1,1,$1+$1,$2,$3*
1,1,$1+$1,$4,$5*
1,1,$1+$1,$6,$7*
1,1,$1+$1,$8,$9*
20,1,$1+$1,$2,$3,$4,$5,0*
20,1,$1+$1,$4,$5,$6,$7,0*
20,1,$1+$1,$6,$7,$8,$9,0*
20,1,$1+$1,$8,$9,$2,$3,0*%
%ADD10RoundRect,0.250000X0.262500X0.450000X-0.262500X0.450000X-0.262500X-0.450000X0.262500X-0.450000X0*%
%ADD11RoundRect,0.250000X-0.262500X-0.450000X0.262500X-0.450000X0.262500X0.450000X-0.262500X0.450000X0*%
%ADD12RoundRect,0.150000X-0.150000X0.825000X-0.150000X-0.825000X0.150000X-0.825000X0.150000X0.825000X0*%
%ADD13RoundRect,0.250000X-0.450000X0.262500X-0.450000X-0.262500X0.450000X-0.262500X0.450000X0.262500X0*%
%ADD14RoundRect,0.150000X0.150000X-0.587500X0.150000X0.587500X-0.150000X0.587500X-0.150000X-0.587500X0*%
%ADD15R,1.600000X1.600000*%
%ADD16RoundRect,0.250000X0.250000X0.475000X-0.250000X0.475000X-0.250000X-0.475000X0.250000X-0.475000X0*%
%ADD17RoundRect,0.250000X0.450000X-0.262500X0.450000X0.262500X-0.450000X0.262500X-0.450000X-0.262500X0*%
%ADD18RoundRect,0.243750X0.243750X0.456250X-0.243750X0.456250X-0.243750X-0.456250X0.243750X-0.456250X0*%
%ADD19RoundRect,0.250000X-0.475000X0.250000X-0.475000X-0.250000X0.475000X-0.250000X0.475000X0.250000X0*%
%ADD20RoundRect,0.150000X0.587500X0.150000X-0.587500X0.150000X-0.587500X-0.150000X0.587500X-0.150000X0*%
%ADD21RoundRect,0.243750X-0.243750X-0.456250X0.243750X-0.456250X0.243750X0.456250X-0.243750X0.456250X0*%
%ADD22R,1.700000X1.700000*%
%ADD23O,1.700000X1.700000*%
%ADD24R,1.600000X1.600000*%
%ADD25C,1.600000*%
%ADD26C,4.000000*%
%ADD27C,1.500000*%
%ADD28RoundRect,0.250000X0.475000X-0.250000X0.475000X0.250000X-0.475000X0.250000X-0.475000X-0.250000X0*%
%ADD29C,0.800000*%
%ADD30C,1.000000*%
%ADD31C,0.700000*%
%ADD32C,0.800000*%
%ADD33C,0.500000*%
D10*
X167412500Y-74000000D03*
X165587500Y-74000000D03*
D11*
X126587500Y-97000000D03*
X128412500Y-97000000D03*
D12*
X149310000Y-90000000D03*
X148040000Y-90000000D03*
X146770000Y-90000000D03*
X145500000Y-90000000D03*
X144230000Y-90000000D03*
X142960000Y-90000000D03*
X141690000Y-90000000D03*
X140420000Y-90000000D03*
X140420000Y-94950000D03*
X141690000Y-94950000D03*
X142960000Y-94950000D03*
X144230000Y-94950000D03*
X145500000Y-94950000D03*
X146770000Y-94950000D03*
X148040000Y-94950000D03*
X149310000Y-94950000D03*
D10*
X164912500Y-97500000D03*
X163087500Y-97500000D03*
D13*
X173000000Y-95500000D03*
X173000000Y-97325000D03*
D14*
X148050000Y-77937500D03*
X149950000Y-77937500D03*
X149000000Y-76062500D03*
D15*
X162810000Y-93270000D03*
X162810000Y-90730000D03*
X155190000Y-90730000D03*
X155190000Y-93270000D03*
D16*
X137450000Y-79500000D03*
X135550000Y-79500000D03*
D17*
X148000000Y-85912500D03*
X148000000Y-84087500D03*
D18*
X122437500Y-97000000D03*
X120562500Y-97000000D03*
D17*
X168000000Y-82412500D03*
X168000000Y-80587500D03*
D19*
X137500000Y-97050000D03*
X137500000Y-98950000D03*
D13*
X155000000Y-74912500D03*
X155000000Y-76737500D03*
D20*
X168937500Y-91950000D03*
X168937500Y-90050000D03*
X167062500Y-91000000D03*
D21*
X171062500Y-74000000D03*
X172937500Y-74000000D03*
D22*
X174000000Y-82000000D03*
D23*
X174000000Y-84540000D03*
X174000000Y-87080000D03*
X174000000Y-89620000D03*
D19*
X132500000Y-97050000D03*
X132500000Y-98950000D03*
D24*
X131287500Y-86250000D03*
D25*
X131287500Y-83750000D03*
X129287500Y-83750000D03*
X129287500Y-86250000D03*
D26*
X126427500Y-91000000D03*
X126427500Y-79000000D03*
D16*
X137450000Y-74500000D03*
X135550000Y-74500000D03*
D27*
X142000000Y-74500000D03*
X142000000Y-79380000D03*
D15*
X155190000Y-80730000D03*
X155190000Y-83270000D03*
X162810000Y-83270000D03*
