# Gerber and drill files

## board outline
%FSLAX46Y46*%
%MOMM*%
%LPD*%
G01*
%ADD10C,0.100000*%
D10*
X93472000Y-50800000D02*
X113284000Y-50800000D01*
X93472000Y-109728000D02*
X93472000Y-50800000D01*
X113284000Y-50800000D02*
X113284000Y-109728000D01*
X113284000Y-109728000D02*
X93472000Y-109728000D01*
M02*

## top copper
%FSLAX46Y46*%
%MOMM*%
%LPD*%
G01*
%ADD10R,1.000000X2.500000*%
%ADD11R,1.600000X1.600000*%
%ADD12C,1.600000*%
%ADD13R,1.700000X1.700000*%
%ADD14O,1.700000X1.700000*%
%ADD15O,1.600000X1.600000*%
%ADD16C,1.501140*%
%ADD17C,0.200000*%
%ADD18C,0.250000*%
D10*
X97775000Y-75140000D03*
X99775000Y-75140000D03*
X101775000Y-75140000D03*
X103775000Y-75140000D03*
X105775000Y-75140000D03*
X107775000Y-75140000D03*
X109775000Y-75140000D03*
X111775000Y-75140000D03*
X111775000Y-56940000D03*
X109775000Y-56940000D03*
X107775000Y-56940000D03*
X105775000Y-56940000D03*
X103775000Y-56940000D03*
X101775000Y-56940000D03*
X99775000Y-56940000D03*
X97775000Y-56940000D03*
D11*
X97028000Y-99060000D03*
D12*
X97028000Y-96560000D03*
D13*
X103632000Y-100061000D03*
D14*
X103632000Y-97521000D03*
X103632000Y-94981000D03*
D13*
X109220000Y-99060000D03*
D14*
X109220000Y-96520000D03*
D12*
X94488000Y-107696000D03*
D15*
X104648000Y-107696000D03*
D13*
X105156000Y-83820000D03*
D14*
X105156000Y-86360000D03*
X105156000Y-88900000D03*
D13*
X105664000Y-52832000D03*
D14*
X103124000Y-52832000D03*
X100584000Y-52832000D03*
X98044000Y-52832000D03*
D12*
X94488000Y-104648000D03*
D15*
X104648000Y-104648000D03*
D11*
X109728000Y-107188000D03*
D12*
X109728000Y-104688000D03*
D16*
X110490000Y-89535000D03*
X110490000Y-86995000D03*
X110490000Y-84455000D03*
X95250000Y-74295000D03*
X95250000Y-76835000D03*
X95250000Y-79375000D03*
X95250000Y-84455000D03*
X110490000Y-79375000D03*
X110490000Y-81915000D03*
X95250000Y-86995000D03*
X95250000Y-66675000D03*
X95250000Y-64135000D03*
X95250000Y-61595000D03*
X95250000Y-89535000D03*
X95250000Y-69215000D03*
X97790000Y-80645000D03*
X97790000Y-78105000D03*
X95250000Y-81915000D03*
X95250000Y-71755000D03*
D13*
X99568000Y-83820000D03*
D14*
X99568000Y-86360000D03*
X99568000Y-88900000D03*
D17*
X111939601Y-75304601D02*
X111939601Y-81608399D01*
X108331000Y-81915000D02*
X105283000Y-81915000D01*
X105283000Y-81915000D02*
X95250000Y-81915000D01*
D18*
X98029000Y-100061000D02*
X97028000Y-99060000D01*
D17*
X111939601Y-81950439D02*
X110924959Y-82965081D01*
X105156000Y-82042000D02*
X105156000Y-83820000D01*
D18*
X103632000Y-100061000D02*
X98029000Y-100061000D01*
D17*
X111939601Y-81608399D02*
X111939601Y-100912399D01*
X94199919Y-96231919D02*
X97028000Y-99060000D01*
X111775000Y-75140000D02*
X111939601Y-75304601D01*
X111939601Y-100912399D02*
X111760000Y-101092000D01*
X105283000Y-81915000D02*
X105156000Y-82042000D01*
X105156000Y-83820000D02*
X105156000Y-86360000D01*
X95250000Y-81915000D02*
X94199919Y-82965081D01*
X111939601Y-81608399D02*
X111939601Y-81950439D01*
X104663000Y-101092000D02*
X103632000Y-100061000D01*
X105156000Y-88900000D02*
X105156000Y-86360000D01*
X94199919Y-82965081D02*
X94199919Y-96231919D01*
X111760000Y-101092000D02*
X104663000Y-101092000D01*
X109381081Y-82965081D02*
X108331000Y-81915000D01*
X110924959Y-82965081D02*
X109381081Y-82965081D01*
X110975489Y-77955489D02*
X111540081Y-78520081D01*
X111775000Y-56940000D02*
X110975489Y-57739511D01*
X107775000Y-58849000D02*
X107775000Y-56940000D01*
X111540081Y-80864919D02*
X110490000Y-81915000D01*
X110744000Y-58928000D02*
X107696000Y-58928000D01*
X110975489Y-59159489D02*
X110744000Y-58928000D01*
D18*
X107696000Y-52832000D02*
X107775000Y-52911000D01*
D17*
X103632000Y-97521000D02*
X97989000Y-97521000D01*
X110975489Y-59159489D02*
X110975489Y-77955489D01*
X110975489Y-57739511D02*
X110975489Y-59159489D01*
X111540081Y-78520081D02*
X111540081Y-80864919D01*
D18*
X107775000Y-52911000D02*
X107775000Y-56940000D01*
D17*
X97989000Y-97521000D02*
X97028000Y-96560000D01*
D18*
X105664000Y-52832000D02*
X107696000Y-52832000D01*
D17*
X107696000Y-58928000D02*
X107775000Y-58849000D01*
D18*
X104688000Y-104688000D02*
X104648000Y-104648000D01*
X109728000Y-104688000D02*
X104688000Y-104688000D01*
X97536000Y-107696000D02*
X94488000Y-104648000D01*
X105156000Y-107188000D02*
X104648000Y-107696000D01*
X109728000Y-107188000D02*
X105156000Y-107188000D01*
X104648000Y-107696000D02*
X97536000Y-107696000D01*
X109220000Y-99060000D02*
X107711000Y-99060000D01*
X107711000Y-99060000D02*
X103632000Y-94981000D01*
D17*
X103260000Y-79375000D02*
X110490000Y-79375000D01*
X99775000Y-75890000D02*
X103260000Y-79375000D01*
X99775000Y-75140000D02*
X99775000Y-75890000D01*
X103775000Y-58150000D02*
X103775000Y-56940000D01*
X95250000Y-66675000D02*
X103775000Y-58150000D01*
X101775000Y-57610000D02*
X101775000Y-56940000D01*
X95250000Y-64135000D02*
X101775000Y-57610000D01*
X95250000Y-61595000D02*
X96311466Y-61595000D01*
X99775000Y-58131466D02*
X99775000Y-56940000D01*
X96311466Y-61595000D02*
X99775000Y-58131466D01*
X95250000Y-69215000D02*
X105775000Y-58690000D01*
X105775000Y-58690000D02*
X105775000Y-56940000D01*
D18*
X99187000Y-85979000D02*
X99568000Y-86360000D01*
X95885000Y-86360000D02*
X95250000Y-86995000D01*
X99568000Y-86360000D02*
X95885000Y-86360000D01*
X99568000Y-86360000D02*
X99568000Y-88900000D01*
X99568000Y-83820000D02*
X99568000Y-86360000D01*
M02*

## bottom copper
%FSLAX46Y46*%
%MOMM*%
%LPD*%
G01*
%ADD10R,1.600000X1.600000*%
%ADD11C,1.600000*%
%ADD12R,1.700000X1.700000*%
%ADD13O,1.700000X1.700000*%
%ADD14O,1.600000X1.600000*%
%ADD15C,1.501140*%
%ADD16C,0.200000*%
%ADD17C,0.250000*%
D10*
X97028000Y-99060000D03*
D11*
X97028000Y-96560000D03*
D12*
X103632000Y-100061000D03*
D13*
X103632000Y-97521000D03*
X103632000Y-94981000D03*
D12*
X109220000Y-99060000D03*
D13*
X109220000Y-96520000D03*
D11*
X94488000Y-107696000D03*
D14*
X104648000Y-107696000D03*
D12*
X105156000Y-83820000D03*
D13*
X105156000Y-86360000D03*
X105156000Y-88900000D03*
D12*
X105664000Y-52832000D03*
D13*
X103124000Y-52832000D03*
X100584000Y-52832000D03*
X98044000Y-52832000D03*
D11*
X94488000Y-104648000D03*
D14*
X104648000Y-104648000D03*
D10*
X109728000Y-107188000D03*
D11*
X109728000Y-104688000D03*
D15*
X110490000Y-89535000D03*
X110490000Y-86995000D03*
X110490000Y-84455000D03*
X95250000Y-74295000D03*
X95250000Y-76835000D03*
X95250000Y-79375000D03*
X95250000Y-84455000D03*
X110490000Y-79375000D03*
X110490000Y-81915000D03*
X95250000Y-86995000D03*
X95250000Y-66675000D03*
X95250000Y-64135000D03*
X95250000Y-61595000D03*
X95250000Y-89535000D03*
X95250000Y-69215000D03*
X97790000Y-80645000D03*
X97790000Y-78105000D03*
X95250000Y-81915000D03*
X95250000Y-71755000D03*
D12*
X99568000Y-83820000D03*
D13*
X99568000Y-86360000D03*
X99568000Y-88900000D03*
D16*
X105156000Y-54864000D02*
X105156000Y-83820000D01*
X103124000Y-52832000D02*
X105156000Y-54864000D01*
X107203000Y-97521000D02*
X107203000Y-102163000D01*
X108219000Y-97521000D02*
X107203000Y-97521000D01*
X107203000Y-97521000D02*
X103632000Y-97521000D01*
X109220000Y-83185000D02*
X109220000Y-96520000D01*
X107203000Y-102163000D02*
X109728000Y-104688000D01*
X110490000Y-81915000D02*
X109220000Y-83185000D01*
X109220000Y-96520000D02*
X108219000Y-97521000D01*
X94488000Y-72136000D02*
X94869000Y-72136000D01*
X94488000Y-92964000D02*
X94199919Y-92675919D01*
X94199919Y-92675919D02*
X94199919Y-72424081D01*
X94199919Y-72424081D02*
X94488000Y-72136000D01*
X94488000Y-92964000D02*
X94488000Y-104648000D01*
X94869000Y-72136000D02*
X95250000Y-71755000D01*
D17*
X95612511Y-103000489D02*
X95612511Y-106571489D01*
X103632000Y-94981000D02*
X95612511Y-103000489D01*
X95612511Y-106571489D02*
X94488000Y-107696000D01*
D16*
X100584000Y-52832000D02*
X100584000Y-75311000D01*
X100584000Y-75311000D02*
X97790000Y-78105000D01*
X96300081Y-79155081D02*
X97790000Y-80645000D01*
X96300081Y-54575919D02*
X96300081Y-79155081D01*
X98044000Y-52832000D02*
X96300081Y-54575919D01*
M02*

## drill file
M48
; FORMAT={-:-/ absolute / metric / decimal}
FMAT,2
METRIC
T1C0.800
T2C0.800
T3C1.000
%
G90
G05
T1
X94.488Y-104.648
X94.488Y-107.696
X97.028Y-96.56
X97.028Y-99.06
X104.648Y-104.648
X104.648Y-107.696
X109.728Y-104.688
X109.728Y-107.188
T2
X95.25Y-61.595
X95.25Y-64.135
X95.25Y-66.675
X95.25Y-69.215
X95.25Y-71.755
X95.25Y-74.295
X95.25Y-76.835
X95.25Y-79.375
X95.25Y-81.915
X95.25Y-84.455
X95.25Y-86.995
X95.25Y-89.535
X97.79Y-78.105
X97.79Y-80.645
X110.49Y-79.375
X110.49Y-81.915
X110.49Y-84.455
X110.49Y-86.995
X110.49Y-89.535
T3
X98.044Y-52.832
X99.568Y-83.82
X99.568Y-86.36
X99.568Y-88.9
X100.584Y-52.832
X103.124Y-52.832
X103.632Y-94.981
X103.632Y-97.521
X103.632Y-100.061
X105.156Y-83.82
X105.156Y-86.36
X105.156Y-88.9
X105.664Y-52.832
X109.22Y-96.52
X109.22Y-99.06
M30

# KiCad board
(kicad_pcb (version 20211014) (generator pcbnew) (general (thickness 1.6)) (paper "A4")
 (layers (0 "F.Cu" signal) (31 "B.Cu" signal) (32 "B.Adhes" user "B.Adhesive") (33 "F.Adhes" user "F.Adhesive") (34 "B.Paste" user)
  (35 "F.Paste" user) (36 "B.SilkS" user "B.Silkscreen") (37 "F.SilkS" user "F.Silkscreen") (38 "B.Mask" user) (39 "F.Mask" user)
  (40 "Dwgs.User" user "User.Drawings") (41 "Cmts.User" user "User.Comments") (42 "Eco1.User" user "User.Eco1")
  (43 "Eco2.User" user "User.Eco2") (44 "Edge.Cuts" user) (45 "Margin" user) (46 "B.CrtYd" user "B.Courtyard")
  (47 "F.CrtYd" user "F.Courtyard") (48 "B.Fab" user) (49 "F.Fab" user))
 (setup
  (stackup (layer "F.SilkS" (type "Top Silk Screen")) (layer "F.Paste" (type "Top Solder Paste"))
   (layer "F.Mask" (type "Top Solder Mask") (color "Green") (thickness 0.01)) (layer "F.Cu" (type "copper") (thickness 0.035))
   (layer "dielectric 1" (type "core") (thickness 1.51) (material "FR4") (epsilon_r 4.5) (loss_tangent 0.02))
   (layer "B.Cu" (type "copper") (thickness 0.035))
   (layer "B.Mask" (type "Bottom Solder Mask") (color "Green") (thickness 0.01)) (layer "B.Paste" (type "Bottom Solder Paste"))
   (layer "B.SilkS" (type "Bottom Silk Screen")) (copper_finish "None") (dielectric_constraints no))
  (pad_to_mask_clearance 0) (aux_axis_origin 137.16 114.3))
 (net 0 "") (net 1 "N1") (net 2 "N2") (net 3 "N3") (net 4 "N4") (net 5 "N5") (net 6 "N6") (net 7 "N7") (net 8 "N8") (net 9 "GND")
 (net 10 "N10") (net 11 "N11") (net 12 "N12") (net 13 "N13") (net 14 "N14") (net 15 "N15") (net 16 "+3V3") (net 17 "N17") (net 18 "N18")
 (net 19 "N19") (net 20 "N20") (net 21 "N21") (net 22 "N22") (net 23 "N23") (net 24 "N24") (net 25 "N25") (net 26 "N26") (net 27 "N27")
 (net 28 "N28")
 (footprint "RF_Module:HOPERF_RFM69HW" (layer "F.Cu") (at 104.775 66.04 90)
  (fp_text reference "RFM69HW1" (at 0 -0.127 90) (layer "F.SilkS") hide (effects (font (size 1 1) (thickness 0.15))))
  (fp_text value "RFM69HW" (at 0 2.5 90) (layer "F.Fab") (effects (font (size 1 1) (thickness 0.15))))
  (pad "1" smd rect (at -9.1 -7 90) (size 2.5 1) (layers "F.Cu" "F.Paste" "F.Mask") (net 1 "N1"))
  (pad "2" smd rect (at -9.1 -5 90) (size 2.5 1) (layers "F.Cu" "F.Paste" "F.Mask") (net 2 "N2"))
  (pad "3" smd rect (at -9.1 -3 90) (size 2.5 1) (layers "F.Cu" "F.Paste" "F.Mask") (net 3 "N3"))
  (pad "4" smd rect (at -9.1 -1 90) (size 2.5 1) (layers "F.Cu" "F.Paste" "F.Mask") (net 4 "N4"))
  (pad "5" smd rect (at -9.1 1 90) (size 2.5 1) (layers "F.Cu" "F.Paste" "F.Mask") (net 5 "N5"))
  (pad "6" smd rect (at -9.1 3 90) (size 2.5 1) (layers "F.Cu" "F.Paste" "F.Mask") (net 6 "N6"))
  (pad "7" smd rect (at -9.1 5 90) (size 2.5 1) (layers "F.Cu" "F.Paste" "F.Mask") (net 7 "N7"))
  (pad "8" smd rect (at -9.1 7 90) (size 2.5 1) (layers "F.Cu" "F.Paste" "F.Mask") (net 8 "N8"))
  (pad "9" smd rect (at 9.1 7 90) (size 2.5 1) (layers "F.Cu" "F.Paste" "F.Mask") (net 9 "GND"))
  (pad "10" smd rect (at 9.1 5 90) (size 2.5 1) (layers "F.Cu" "F.Paste" "F.Mask") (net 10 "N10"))
  (pad "11" smd rect (at 9.1 3 90) (size 2.5 1) (layers "F.Cu" "F.Paste" "F.Mask") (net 9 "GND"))
  (pad "12" smd rect (at 9.1 1 90) (size 2.5 1) (layers "F.Cu" "F.Paste" "F.Mask") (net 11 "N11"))
  (pad "13" smd rect (at 9.1 -1 90) (size 2.5 1) (layers "F.Cu" "F.Paste" "F.Mask") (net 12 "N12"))
  (pad "14" smd rect (at 9.1 -3 90) (size 2.5 1) (layers "F.Cu" "F.Paste" "F.Mask") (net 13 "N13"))
  (pad "15" smd rect (at 9.1 -5 90) (size 2.5 1) (layers "F.Cu" "F.Paste" "F.Mask") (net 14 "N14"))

TASK ITEM:
Pull from the data each line where the string "color" turns up.

PROBLEM SOLUTION:
   (layer "F.Mask" (type "Top Solder Mask") (color "Green") (thickness 0.01)) (layer "F.Cu" (type "copper") (thickness 0.035))
   (layer "B.Mask" (type "Bottom Solder Mask") (color "Green") (thickness 0.01)) (layer "B.Paste" (type "Bottom Solder Paste"))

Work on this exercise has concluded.